→ **Assigned task**:
What is needed is every line of the data that includes the word "Courtyard". Please copy each one.

[Saved entries]
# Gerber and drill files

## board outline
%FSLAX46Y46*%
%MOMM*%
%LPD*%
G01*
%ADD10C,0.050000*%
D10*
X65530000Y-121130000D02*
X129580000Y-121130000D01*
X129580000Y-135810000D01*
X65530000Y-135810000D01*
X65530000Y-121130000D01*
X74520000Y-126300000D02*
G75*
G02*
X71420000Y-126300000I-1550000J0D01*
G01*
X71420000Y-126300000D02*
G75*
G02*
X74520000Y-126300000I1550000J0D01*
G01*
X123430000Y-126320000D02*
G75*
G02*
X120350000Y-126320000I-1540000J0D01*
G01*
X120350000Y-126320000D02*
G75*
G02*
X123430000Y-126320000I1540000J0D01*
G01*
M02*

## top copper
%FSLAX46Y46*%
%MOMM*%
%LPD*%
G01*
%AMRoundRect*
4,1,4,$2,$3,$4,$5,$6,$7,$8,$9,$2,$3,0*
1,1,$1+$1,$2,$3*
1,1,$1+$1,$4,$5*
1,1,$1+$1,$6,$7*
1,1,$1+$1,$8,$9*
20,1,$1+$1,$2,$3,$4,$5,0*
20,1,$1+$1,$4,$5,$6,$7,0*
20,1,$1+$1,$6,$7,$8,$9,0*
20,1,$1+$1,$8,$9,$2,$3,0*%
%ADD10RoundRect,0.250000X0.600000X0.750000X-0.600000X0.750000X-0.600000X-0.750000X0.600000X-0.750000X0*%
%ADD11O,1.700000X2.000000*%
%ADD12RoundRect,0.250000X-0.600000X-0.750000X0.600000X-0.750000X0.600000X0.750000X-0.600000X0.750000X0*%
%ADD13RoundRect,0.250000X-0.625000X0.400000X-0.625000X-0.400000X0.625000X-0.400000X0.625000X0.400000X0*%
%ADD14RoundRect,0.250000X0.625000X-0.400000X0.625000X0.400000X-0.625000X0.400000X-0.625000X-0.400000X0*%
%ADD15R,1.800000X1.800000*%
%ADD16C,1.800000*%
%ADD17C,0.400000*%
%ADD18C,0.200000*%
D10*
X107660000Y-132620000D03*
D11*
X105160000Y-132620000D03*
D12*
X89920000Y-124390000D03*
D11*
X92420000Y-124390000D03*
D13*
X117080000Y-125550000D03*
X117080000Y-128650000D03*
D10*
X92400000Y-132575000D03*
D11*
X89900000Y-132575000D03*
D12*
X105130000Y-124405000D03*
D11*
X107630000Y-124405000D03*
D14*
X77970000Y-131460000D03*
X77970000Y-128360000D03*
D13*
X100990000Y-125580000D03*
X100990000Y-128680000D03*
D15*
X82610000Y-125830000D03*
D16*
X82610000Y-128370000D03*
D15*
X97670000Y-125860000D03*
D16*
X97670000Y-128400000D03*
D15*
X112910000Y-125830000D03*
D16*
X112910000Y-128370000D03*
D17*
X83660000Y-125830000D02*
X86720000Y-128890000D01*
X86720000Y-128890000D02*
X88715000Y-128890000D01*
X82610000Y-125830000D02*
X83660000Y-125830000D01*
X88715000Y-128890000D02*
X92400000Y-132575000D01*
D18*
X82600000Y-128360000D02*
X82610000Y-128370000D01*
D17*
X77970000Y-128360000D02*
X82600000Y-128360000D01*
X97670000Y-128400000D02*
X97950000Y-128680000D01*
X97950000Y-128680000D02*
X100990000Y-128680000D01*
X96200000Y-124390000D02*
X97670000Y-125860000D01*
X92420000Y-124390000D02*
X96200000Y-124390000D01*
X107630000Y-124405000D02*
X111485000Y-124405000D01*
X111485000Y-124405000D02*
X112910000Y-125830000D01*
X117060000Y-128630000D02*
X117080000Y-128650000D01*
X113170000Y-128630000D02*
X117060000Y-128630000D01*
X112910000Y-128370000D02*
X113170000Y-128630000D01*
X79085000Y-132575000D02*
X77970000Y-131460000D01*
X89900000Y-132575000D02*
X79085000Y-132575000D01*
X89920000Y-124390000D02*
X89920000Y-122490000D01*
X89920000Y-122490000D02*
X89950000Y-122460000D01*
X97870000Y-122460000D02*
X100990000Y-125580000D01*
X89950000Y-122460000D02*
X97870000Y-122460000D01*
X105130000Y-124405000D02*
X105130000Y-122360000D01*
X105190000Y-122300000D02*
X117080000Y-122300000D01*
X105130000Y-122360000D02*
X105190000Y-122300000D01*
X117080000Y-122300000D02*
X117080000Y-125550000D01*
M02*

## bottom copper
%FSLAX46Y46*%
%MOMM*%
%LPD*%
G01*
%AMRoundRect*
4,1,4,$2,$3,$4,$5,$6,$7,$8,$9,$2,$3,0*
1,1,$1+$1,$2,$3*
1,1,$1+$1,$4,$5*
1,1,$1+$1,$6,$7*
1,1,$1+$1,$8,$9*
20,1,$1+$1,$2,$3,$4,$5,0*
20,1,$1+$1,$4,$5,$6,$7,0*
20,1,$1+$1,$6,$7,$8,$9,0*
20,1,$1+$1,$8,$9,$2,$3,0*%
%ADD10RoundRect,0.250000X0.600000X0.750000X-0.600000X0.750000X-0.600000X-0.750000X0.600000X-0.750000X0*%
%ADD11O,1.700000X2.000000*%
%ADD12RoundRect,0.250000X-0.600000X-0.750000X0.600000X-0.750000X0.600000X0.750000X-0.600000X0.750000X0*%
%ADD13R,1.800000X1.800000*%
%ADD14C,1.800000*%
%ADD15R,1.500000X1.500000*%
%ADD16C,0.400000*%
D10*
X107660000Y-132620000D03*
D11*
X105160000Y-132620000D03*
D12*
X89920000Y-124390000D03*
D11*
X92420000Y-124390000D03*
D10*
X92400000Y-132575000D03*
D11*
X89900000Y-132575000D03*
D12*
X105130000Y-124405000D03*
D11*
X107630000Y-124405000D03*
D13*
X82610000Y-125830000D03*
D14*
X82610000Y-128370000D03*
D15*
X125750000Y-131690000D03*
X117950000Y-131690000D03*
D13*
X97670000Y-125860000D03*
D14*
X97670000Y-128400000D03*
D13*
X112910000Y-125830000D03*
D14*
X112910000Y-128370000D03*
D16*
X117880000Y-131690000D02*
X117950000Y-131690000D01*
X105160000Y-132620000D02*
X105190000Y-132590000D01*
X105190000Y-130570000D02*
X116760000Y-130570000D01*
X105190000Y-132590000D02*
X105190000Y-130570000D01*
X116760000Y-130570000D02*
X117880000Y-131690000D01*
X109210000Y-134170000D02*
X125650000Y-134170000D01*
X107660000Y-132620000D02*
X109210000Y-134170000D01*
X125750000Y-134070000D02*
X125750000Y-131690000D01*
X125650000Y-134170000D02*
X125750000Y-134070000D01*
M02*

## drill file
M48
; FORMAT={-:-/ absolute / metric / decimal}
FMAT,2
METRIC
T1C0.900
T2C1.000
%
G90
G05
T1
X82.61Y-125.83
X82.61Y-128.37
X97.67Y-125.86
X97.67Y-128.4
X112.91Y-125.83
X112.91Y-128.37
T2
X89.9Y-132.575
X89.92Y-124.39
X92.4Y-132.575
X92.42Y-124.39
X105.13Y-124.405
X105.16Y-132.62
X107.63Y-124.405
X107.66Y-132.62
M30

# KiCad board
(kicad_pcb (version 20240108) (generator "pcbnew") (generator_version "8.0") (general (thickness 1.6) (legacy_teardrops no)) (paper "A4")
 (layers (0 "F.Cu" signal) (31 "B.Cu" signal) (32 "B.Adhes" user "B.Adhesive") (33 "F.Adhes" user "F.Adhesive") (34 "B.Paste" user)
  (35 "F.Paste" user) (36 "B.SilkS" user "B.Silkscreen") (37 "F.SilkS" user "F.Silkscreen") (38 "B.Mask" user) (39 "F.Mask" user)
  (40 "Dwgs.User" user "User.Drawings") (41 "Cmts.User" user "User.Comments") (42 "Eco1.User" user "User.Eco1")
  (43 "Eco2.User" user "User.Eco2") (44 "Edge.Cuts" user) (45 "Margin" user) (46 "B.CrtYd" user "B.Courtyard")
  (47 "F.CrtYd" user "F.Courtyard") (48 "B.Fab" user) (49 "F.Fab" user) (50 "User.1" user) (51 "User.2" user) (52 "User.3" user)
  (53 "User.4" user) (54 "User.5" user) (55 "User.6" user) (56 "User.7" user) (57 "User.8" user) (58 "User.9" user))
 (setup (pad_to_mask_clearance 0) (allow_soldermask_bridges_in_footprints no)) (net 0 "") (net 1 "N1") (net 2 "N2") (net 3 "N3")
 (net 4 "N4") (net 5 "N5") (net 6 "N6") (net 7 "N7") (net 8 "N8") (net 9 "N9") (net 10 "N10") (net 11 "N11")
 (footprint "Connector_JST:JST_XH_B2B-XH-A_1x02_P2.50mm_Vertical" (layer "F.Cu") (at 107.66 132.62 180)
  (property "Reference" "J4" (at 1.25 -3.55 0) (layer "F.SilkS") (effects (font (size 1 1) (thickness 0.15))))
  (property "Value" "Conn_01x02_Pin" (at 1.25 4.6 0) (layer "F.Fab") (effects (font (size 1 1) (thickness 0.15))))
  (pad "1" thru_hole roundrect (at 0 0 180) (size 1.7 2) (drill 1) (layers "*.Cu" "*.Mask") (remove_unused_layers no)
   (roundrect_rratio 0.147059) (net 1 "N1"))
  (pad "2" thru_hole oval (at 2.5 0 180) (size 1.7 2) (drill 1) (layers "*.Cu" "*.Mask") (remove_unused_layers no) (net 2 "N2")))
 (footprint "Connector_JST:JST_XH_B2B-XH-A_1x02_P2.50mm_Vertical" (layer "F.Cu") (at 89.92 124.39)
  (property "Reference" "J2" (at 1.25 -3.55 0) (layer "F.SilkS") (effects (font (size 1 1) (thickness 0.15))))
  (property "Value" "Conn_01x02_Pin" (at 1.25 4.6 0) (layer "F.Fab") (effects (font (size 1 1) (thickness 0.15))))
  (pad "1" thru_hole roundrect (at 0 0) (size 1.7 2) (drill 1) (layers "*.Cu" "*.Mask") (remove_unused_layers no)
   (roundrect_rratio 0.147059) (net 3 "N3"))
  (pad "2" thru_hole oval (at 2.5 0) (size 1.7 2) (drill 1) (layers "*.Cu" "*.Mask") (remove_unused_layers no) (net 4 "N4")))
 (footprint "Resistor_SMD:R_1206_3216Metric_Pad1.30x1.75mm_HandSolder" (layer "F.Cu") (at 117.08 127.1 -90)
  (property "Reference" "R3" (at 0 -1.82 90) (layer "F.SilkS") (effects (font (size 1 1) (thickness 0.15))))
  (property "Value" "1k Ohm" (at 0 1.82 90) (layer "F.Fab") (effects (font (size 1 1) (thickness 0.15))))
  (pad "1" smd roundrect (at -1.55 0 270) (size 1.3 1.75) (layers "F.Cu" "F.Paste" "F.Mask") (roundrect_rratio 0.192308) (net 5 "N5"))
  (pad "2" smd roundrect (at 1.55 0 270) (size 1.3 1.75) (layers "F.Cu" "F.Paste" "F.Mask") (roundrect_rratio 0.192308) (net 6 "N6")))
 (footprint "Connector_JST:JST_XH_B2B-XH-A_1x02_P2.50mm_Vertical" (layer "F.Cu") (at 92.4 132.575 180)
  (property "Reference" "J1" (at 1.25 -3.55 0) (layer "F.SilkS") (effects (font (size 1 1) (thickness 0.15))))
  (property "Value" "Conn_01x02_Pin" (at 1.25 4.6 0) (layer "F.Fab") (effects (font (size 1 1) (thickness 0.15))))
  (pad "1" thru_hole roundrect (at 0 0 180) (size 1.7 2) (drill 1) (layers "*.Cu" "*.Mask") (remove_unused_layers no)
   (roundrect_rratio 0.147059) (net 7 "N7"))
  (pad "2" thru_hole oval (at 2.5 0 180) (size 1.7 2) (drill 1) (layers "*.Cu" "*.Mask") (remove_unused_layers no) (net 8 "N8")))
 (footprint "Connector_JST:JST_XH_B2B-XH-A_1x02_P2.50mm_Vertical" (layer "F.Cu") (at 105.13 124.405)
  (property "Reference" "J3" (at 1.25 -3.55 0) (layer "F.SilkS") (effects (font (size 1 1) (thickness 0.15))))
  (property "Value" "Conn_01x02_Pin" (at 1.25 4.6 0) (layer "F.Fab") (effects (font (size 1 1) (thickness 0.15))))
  (pad "1" thru_hole roundrect (at 0 0) (size 1.7 2) (drill 1) (layers "*.Cu" "*.Mask") (remove_unused_layers no)
   (roundrect_rratio 0.147059) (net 5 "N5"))
  (pad "2" thru_hole oval (at 2.5 0) (size 1.7 2) (drill 1) (layers "*.Cu" "*.Mask") (remove_unused_layers no) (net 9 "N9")))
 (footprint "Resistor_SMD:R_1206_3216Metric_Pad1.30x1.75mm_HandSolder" (layer "F.Cu") (at 77.97 129.91 90)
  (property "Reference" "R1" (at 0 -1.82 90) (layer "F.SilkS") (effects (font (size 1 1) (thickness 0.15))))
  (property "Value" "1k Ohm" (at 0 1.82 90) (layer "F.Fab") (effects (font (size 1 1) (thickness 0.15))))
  (pad "1" smd roundrect (at -1.55 0 90) (size 1.3 1.75) (layers "F.Cu" "F.Paste" "F.Mask") (roundrect_rratio 0.192308) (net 8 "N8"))
  (pad "2" smd roundrect (at 1.55 0 90) (size 1.3 1.75) (layers "F.Cu" "F.Paste" "F.Mask") (roundrect_rratio 0.192308) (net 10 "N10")))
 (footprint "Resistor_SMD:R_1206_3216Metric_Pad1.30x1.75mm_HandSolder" (layer "F.Cu") (at 100.99 127.13 -90)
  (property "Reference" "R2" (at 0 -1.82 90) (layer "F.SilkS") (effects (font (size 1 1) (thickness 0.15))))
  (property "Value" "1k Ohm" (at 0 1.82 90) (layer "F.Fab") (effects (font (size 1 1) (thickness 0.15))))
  (pad "1" smd roundrect (at -1.55 0 270) (size 1.3 1.75) (layers "F.Cu" "F.Paste" "F.Mask") (roundrect_rratio 0.192308) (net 3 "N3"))
  (pad "2" smd roundrect (at 1.55 0 270) (size 1.3 1.75) (layers "F.Cu" "F.Paste" "F.Mask") (roundrect_rratio 0.192308) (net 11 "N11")))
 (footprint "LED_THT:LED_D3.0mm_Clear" (layer "B.Cu") (at 82.61 125.83 -90)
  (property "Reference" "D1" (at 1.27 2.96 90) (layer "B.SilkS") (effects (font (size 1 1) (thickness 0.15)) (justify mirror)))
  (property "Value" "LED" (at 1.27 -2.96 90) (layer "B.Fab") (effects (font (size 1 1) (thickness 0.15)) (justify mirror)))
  (pad "1" thru_hole rect (at 0 0 270) (size 1.8 1.8) (drill 0.9) (layers "*.Cu" "*.Mask") (remove_unused_layers no) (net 7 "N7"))
  (pad "2" thru_hole circle (at 2.54 0 270) (size 1.8 1.8) (drill 0.9) (layers "*.Cu" "*.Mask") (remove_unused_layers no) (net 10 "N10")))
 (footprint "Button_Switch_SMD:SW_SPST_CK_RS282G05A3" (layer "B.Cu") (at 121.85 131.69 180)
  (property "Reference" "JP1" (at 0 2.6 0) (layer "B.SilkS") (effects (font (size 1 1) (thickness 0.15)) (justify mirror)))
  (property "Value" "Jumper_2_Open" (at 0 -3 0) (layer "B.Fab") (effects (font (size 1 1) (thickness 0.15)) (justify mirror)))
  (pad "1" smd rect (at -3.9 0 180) (size 1.5 1.5) (layers "B.Cu" "B.Paste" "B.Mask") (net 1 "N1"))
  (pad "2" smd rect (at 3.9 0 180) (size 1.5 1.5) (layers "B.Cu" "B.Paste" "B.Mask") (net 2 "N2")))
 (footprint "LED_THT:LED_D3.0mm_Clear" (layer "B.Cu") (at 97.67 125.86 -90)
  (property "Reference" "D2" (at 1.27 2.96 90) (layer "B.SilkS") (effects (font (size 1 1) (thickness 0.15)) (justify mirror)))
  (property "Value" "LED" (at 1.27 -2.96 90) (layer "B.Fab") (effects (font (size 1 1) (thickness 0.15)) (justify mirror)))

→ **Your solution**:
  (43 "Eco2.User" user "User.Eco2") (44 "Edge.Cuts" user) (45 "Margin" user) (46 "B.CrtYd" user "B.Courtyard")
  (47 "F.CrtYd" user "F.Courtyard") (48 "B.Fab" user) (49 "F.Fab" user) (50 "User.1" user) (51 "User.2" user) (52 "User.3" user)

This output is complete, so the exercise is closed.